Stress-Induced Impairment of a Working Memory Task: Role of Spiking Rate and Spiking History Predicted Discharge
Figure 6
Characterization of generalized linear models of task-related activity.
Plot of 80 seconds of spike train data, spanning three trials and fit with a GLM using (A) a homogeneous Poisson model, (B) an inhomogeneous Poisson model, and (C) an a conditional intensity model (Model 1b, during baseline conditions only). Spike counts of the original spike train are plotted with black dots against lambda (λ; green line with red confidence intervals). X-axis = experimental time. D) Kolmogorov–Smirnov (K-S) goodness-of-fit plot demonstrates that incorporation of spike history improves performance of the CI-GLM (blue vs. green line).
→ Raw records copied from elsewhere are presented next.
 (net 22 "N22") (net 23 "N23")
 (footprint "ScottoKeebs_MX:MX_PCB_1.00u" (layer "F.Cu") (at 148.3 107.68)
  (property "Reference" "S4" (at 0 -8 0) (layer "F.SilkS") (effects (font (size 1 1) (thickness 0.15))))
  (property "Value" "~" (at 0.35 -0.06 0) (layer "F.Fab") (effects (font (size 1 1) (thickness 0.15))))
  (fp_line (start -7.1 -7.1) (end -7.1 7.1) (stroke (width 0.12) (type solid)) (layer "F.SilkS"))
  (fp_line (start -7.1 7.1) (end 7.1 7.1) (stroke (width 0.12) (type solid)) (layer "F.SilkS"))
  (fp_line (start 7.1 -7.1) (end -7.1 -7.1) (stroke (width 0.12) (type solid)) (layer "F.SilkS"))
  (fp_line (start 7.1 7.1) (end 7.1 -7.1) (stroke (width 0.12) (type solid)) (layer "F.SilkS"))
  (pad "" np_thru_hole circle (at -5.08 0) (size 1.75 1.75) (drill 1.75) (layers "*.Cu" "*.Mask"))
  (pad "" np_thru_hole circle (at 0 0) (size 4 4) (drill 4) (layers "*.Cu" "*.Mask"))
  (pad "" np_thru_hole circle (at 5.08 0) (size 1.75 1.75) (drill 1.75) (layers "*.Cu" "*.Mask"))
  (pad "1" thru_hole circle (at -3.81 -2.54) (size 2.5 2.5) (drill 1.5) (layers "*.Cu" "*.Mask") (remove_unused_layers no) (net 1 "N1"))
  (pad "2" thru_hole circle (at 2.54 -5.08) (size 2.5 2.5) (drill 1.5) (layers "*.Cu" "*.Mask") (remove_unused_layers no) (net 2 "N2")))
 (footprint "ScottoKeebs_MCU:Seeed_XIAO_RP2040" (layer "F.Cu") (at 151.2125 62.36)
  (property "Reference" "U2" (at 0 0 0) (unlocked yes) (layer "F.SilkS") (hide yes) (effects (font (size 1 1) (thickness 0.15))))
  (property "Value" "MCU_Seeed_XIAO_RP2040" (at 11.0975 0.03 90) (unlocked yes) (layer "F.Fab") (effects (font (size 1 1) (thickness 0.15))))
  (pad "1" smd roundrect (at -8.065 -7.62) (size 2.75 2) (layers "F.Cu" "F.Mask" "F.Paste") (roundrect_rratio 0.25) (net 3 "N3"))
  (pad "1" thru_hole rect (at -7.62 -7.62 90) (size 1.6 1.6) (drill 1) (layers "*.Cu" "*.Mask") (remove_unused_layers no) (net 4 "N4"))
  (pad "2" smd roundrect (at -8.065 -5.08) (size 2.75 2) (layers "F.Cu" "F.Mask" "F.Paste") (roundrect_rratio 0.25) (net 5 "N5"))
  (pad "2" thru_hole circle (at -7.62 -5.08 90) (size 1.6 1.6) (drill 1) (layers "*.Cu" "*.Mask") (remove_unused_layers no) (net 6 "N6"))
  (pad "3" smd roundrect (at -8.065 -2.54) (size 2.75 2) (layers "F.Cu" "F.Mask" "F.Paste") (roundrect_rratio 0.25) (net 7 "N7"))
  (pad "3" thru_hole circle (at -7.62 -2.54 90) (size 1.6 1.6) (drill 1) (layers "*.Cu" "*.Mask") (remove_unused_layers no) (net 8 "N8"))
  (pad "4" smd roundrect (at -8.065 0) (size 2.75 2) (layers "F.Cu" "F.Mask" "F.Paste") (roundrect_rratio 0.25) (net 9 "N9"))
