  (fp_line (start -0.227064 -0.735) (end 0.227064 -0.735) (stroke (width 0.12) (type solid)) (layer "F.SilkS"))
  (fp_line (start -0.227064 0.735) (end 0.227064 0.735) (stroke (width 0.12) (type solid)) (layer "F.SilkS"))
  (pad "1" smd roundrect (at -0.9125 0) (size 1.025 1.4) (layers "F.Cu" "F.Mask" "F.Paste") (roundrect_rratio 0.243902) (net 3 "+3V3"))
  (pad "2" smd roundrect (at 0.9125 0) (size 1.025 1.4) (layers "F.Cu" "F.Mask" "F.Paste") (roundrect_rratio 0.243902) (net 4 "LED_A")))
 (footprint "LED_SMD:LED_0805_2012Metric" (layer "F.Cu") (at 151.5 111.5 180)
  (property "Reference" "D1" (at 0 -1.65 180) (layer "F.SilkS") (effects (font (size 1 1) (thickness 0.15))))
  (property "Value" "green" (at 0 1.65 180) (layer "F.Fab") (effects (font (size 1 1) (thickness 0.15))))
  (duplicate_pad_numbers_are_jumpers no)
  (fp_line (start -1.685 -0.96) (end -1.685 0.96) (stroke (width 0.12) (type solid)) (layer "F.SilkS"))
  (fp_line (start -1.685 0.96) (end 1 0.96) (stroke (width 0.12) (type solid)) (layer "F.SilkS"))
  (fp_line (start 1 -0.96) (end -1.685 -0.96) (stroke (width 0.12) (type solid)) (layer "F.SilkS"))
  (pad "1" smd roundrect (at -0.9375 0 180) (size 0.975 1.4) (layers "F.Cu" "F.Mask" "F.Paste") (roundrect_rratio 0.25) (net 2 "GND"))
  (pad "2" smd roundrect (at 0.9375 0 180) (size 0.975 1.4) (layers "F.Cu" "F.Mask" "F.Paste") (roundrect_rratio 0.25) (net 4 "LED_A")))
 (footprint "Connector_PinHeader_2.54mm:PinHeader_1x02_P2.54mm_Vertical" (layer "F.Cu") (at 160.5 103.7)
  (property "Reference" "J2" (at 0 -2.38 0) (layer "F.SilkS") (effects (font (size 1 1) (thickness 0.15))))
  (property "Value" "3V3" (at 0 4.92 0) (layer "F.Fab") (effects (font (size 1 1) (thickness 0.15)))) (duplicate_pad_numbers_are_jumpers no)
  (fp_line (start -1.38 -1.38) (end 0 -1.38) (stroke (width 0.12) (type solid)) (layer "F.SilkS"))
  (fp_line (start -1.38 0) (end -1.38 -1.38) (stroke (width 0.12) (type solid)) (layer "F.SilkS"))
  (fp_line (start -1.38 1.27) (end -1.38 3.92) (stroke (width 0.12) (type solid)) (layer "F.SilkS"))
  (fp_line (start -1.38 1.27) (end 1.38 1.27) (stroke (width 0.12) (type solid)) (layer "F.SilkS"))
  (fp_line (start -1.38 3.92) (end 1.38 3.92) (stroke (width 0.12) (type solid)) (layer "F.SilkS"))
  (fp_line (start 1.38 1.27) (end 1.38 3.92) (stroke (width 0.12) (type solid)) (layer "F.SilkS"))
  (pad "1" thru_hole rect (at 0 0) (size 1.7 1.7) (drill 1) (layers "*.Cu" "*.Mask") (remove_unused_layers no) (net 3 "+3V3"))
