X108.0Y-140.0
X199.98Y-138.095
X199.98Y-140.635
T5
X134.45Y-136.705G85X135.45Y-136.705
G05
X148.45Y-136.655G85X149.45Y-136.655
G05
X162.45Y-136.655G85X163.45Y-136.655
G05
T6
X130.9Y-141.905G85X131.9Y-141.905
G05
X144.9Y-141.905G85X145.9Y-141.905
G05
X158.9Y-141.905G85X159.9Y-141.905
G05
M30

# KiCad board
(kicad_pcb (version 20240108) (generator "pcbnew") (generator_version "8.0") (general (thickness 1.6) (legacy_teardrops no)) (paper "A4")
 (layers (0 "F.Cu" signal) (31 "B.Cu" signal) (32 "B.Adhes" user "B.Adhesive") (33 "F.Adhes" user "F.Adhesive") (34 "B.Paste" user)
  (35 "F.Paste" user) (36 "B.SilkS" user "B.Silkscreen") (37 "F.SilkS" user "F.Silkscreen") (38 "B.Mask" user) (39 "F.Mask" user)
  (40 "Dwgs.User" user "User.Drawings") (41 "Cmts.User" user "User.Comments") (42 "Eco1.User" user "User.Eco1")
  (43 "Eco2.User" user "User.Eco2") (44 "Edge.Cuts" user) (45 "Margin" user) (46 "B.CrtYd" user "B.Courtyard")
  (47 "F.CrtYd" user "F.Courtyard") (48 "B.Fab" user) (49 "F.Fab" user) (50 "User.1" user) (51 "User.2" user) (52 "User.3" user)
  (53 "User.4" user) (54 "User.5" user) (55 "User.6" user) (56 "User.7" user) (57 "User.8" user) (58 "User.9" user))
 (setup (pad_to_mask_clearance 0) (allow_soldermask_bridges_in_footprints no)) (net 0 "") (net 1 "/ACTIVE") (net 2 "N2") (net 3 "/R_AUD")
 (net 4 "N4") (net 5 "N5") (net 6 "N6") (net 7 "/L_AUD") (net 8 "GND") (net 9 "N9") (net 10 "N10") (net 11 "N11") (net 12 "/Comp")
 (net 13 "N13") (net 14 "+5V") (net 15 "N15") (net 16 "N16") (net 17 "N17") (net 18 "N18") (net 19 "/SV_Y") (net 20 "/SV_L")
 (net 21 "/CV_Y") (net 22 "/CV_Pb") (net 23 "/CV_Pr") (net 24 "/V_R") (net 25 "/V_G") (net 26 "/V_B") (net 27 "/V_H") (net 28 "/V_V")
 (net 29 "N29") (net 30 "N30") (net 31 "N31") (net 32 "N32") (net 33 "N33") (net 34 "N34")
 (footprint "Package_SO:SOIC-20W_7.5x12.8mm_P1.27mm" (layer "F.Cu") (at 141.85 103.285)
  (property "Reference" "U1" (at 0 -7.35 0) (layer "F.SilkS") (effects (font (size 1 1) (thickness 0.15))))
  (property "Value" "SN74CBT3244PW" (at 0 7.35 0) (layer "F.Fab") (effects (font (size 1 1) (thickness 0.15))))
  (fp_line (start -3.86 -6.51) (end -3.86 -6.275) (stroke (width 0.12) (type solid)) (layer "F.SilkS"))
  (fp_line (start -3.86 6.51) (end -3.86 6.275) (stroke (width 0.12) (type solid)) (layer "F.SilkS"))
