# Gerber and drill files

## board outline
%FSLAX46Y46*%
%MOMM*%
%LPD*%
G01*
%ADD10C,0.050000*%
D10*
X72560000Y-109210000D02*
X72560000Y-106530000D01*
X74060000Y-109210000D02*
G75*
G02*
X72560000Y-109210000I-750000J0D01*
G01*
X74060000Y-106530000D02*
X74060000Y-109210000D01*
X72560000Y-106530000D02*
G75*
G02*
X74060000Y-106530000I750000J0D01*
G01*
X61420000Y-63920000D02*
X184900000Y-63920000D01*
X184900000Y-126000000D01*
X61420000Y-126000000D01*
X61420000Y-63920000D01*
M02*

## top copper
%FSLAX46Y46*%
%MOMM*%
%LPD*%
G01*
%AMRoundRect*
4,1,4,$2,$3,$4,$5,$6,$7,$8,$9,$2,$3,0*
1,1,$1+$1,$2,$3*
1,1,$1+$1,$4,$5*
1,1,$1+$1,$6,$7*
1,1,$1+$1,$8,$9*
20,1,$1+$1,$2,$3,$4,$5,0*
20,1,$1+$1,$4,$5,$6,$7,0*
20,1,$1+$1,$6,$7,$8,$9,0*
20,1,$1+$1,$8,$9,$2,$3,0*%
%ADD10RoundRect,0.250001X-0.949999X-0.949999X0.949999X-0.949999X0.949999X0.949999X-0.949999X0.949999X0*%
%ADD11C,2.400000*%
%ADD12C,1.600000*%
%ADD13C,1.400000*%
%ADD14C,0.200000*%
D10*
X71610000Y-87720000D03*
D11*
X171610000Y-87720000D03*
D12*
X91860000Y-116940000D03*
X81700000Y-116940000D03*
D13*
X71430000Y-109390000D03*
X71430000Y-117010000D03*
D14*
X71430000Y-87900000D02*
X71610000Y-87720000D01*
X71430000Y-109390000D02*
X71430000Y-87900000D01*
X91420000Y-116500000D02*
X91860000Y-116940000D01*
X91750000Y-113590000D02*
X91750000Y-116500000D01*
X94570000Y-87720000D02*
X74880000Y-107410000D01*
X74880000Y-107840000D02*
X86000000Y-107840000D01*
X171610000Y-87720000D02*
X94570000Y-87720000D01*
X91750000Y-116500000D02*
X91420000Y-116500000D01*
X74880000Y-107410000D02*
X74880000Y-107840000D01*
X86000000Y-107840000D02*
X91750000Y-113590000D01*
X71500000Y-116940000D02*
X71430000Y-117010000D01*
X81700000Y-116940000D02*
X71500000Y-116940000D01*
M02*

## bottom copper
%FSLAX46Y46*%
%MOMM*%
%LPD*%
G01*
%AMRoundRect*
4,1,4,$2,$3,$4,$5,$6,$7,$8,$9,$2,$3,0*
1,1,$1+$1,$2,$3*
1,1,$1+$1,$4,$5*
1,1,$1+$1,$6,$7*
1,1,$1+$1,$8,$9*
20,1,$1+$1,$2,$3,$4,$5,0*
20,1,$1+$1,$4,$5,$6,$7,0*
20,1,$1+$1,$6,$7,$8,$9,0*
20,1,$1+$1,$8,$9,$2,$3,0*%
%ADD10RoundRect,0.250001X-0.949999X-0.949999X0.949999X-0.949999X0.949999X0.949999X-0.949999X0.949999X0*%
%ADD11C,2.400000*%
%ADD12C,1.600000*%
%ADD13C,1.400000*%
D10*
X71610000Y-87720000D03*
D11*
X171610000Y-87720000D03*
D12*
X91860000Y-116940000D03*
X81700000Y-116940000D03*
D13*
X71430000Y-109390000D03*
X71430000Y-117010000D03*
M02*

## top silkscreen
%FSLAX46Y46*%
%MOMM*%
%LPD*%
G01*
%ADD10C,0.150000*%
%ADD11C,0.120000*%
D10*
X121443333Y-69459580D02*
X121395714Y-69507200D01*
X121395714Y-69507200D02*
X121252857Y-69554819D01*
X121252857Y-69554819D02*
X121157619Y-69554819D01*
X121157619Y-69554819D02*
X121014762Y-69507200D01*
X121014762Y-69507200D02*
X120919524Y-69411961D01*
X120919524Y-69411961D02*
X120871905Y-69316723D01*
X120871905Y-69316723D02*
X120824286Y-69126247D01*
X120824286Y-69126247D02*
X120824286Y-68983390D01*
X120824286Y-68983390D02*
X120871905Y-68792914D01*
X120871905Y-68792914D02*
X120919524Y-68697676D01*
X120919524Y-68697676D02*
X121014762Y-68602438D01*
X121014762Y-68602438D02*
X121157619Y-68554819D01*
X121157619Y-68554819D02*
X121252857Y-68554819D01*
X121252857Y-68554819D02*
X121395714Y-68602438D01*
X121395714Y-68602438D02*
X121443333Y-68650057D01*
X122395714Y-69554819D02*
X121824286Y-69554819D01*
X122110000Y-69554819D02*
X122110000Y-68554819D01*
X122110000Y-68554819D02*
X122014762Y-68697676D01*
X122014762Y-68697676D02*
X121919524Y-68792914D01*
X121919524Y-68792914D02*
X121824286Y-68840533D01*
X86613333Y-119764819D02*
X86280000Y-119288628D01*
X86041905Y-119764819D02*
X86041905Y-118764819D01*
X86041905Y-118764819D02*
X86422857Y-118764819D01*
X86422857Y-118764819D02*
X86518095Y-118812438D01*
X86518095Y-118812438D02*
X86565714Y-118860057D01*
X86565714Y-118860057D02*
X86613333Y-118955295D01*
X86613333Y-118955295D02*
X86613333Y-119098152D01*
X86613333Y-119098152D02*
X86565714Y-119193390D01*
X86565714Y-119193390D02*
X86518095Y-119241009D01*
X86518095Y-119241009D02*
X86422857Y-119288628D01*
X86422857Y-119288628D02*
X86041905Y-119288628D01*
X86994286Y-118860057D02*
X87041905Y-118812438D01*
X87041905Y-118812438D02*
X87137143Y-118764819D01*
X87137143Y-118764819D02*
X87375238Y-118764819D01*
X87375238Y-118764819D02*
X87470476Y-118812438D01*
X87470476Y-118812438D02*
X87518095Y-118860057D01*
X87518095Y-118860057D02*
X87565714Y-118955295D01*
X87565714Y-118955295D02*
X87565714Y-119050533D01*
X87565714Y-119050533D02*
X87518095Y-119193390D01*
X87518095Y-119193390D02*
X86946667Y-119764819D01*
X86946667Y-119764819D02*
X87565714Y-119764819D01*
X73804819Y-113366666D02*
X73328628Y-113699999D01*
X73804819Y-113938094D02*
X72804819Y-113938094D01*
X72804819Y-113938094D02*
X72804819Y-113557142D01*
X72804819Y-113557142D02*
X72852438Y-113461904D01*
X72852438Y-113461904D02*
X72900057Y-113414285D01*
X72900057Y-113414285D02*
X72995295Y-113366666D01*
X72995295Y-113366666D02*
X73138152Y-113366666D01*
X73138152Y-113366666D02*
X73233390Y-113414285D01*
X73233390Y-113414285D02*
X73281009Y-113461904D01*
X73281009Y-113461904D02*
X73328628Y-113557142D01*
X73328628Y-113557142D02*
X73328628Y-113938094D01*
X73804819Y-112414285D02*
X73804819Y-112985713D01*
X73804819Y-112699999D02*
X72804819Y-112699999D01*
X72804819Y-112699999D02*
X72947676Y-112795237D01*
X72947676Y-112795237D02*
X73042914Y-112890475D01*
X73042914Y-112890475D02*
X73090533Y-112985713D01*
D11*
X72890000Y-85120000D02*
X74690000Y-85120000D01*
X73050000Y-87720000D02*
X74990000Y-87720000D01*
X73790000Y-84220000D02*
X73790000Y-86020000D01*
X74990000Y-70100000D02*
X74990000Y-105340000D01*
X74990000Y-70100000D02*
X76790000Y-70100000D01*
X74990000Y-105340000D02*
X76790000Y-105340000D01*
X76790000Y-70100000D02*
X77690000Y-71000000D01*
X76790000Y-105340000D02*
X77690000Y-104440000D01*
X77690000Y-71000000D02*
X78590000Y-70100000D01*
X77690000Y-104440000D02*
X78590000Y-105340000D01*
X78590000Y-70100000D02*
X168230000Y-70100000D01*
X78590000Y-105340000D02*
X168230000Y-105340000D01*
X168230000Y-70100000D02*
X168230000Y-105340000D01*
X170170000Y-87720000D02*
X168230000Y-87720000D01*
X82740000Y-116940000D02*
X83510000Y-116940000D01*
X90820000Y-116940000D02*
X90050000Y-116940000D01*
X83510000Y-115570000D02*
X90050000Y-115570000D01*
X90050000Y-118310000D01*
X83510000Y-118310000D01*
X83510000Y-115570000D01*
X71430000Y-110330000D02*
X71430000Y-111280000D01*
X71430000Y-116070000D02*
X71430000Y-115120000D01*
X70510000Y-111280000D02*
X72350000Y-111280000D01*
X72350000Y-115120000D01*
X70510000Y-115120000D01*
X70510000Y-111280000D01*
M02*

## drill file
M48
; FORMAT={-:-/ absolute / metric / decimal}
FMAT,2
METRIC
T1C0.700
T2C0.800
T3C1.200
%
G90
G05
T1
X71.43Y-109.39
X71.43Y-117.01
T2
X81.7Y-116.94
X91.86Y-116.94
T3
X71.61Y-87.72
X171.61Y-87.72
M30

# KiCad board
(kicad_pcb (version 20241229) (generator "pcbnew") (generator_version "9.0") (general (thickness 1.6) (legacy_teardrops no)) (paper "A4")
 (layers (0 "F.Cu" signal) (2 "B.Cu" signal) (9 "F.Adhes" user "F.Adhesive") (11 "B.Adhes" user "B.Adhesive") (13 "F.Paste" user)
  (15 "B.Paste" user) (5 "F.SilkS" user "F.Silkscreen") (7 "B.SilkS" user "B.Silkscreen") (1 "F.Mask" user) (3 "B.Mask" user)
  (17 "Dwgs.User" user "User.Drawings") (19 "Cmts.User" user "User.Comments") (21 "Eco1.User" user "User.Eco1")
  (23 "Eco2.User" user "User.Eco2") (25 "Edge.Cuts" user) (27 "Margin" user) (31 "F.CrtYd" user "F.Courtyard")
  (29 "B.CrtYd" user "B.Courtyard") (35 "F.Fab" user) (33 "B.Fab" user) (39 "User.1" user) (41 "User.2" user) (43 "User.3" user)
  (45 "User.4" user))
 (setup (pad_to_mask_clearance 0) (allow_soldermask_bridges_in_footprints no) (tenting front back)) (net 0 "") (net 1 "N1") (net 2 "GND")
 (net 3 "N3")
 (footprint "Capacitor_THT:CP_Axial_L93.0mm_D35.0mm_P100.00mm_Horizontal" (layer "F.Cu") (at 71.61 87.72)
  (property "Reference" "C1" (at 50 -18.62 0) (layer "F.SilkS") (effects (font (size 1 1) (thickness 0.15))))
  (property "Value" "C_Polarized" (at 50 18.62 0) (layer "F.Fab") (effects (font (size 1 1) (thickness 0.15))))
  (fp_line (start 1.28 -2.6) (end 3.08 -2.6) (stroke (width 0.12) (type solid)) (layer "F.SilkS"))
  (fp_line (start 1.44 0) (end 3.38 0) (stroke (width 0.12) (type solid)) (layer "F.SilkS"))
  (fp_line (start 2.18 -3.5) (end 2.18 -1.7) (stroke (width 0.12) (type solid)) (layer "F.SilkS"))
  (fp_line (start 3.38 -17.62) (end 3.38 17.62) (stroke (width 0.12) (type solid)) (layer "F.SilkS"))
  (fp_line (start 3.38 -17.62) (end 5.18 -17.62) (stroke (width 0.12) (type solid)) (layer "F.SilkS"))
  (fp_line (start 3.38 17.62) (end 5.18 17.62) (stroke (width 0.12) (type solid)) (layer "F.SilkS"))
  (fp_line (start 5.18 -17.62) (end 6.08 -16.72) (stroke (width 0.12) (type solid)) (layer "F.SilkS"))
  (fp_line (start 5.18 17.62) (end 6.08 16.72) (stroke (width 0.12) (type solid)) (layer "F.SilkS"))
  (fp_line (start 6.08 -16.72) (end 6.98 -17.62) (stroke (width 0.12) (type solid)) (layer "F.SilkS"))
  (fp_line (start 6.08 16.72) (end 6.98 17.62) (stroke (width 0.12) (type solid)) (layer "F.SilkS"))
  (fp_line (start 6.98 -17.62) (end 96.62 -17.62) (stroke (width 0.12) (type solid)) (layer "F.SilkS"))
  (fp_line (start 6.98 17.62) (end 96.62 17.62) (stroke (width 0.12) (type solid)) (layer "F.SilkS"))
  (fp_line (start 96.62 -17.62) (end 96.62 17.62) (stroke (width 0.12) (type solid)) (layer "F.SilkS"))
  (fp_line (start 98.56 0) (end 96.62 0) (stroke (width 0.12) (type solid)) (layer "F.SilkS"))
  (pad "1" thru_hole roundrect (at 0 0) (size 2.4 2.4) (drill 1.2) (layers "*.Cu" "*.Mask") (remove_unused_layers no)
   (roundrect_rratio 0.104167) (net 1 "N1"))
  (pad "2" thru_hole circle (at 100 0) (size 2.4 2.4) (drill 1.2) (layers "*.Cu" "*.Mask") (remove_unused_layers no) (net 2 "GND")))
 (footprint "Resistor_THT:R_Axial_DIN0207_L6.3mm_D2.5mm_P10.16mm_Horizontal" (layer "F.Cu") (at 91.86 116.94 180)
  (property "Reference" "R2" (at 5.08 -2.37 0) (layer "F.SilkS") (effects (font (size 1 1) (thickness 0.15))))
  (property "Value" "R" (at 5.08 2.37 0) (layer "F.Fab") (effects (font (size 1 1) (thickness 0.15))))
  (fp_line (start 9.12 0) (end 8.35 0) (stroke (width 0.12) (type solid)) (layer "F.SilkS"))
  (fp_line (start 1.04 0) (end 1.81 0) (stroke (width 0.12) (type solid)) (layer "F.SilkS"))
  (fp_rect (start 1.81 -1.37) (end 8.35 1.37) (stroke (width 0.12) (type solid)) (fill no) (layer "F.SilkS"))
  (pad "1" thru_hole circle (at 0 0 180) (size 1.6 1.6) (drill 0.8) (layers "*.Cu" "*.Mask") (remove_unused_layers no) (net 2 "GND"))
  (pad "2" thru_hole circle (at 10.16 0 180) (size 1.6 1.6) (drill 0.8) (layers "*.Cu" "*.Mask") (remove_unused_layers no) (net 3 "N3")))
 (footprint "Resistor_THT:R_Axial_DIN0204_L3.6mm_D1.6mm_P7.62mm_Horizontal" (layer "F.Cu") (at 71.43 109.39 -90)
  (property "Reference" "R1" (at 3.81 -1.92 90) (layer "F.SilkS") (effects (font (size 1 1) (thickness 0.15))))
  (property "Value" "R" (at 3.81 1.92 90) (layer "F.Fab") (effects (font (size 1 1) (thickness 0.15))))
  (fp_line (start 0.94 0) (end 1.89 0) (stroke (width 0.12) (type solid)) (layer "F.SilkS"))
  (fp_line (start 6.68 0) (end 5.73 0) (stroke (width 0.12) (type solid)) (layer "F.SilkS"))
  (fp_rect (start 1.89 -0.92) (end 5.73 0.92) (stroke (width 0.12) (type solid)) (fill no) (layer "F.SilkS"))
  (pad "1" thru_hole circle (at 0 0 270) (size 1.4 1.4) (drill 0.7) (layers "*.Cu" "*.Mask") (remove_unused_layers no) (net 1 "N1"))
  (pad "2" thru_hole circle (at 7.62 0 270) (size 1.4 1.4) (drill 0.7) (layers "*.Cu" "*.Mask") (remove_unused_layers no) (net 3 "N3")))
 (gr_line (start 72.56 109.21) (end 72.56 106.53) (stroke (width 0.05) (type default)) (layer "Edge.Cuts"))
 (gr_arc (start 74.06 109.21) (mid 73.31 109.96) (end 72.56 109.21) (stroke (width 0.05) (type default)) (layer "Edge.Cuts"))
 (gr_line (start 74.06 106.53) (end 74.06 109.21) (stroke (width 0.05) (type default)) (layer "Edge.Cuts"))
 (gr_arc (start 72.56 106.53) (mid 73.31 105.78) (end 74.06 106.53) (stroke (width 0.05) (type default)) (layer "Edge.Cuts"))
 (gr_rect (start 61.42 63.92) (end 184.9 126) (stroke (width 0.05) (type default)) (fill no) (layer "Edge.Cuts"))
 (segment (start 71.43 87.9) (end 71.61 87.72) (width 0.2) (layer "F.Cu") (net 1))
 (segment (start 71.43 109.39) (end 71.43 87.9) (width 0.2) (layer "F.Cu") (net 1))
 (segment (start 91.42 116.5) (end 91.86 116.94) (width 0.2) (layer "F.Cu") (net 2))
 (segment (start 91.75 113.59) (end 91.75 116.5) (width 0.2) (layer "F.Cu") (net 2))
 (segment (start 94.57 87.72) (end 74.88 107.41) (width 0.2) (layer "F.Cu") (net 2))
 (segment (start 74.88 107.84) (end 86 107.84) (width 0.2) (layer "F.Cu") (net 2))
 (segment (start 171.61 87.72) (end 94.57 87.72) (width 0.2) (layer "F.Cu") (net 2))
 (segment (start 91.75 116.5) (end 91.42 116.5) (width 0.2) (layer "F.Cu") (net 2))
 (segment (start 74.88 107.41) (end 74.88 107.84) (width 0.2) (layer "F.Cu") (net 2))
 (segment (start 86 107.84) (end 91.75 113.59) (width 0.2) (layer "F.Cu") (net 2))
 (segment (start 71.5 116.94) (end 71.43 117.01) (width 0.2) (layer "F.Cu") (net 3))
 (segment (start 81.7 116.94) (end 71.5 116.94) (width 0.2) (layer "F.Cu") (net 3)))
The K-S plot of the final model (blue line; model from panel C) falls within equivalency confidence intervals of the K-S test (diagonal solid and dotted lines) for all quantiles, indicating that inclusion of spike history with behavioral intervals in the CI-GLM is critical to appropriately model plPFC spiking activity. Inhomogeneous Poisson models using solely the behavioral states of the task overestimate neuron interspike intervals (green line; model from panel B). Models of neuronal activity (1–3; main text) also passed K-S goodness-of-fit tests (Fig. S3).